New Haven City Hall has struggled to clarify its position on a proposal by Mayor John DeStefano Jr. last week to issue identification cards to illegal immigrants amid criticism from city and state residents and officials.

The proposal drew fire from Elm City residents after the New Haven Register headlined an article last Tuesday entitled “City to offer ID for illegal aliens” that outlined DeStefano’s proposal at a press conference to issue surrogate identification cards to individuals such as illegal aliens who are incapable of receiving other legitimate forms of identification. City Hall issued a statement the following day denying the city would issue the ID cards.

DeStefano’s chief of staff Karen DuBois-Walton said elements of the mayor’s speech last Monday indicated the ID proposal was closer to being put into practice than actually was the case.

“The way [the ID card proposal] was talked about at the press conference would have led anyone who was there to believe that the initiative was farther along in its development than it really was,” she said. “The way in which the ID card was talked about made it sound like it was something ready to be rolled out right away.”

The Register article prompted many to phone City Hall with questions about the logistics of receiving the ID cards, DeStefano’s Deputy Chief of Staff Robert Smuts ’01 said. Before long, he said, the press started calling in as well. Their queries were directed to an administration that had not yet proceeded past the planning stage of this initiative.

“There were a lot of things we had to check out before we were in a position to say, ‘We’re doing this,’ or even talk about a timeline,” Smuts said. “We tried to clarify that, and that didn’t always get across to people who saw a very definitive headline.”
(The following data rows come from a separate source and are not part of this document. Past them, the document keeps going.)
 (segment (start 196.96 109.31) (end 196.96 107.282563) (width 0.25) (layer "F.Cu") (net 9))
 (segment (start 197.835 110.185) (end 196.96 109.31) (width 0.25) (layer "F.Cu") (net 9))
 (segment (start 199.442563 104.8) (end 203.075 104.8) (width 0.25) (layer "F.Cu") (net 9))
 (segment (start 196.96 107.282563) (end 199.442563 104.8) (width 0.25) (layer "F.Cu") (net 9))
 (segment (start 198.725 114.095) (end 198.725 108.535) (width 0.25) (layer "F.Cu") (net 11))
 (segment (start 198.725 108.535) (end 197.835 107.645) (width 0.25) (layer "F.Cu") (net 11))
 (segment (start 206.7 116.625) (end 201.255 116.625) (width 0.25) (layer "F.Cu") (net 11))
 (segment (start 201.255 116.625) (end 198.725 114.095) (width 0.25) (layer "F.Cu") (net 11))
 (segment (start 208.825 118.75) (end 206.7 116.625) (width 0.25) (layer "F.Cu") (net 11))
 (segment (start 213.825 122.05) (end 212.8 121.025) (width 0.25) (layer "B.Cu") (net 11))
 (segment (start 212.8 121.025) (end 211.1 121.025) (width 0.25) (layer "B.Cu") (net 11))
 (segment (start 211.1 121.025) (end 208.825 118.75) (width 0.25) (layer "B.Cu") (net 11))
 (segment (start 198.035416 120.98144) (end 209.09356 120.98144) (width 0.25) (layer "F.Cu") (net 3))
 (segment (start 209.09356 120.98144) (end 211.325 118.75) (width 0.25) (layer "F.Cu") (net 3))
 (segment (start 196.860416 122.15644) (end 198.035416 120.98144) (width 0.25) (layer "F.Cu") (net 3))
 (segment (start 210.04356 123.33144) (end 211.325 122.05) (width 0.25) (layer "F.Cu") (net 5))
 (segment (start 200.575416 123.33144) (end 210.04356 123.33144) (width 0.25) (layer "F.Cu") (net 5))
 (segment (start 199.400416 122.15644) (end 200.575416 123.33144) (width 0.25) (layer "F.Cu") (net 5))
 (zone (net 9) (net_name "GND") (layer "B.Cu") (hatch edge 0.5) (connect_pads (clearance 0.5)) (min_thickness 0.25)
While Andy Bromage, the author of the Tuesday Register article, said that as a reporter he does not write the headlines for his articles, he also said he felt his article accurately represented DeStefano’s words in the press conference.

“We definitely stand by the story as it was reported, and we feel that we wrote what was said,” Bromage said. “People read headlines and they stop there when really they ought to read the whole story. But we felt that the story was accurate, and reasonable, and true to the spirit of what they were talking about on Monday.”

DuBois-Walton said the confusion surrounding the issue was partially due to the fact that DeStefano’s press secretary, Derek Slap, was on “a well-deserved vacation” last week and was unavailable to direct the mayoral staff’s responses to queries.

While the issue has been settled for the moment, several figures in the upcoming Connecticut gubernatorial race, including incumbent Governor M. Jodi Rell, have expressed their opinions on the ID question.

“[Governor Rell] said two things: one, that she believes that people who are here illegally should ideally work their way towards getting legal immigration status, with an eye towards becoming citizens, and second, that an ID card, while well-intentioned, is probably not the best answer to that problem,” Richard Harris, a spokesman for Rell, said.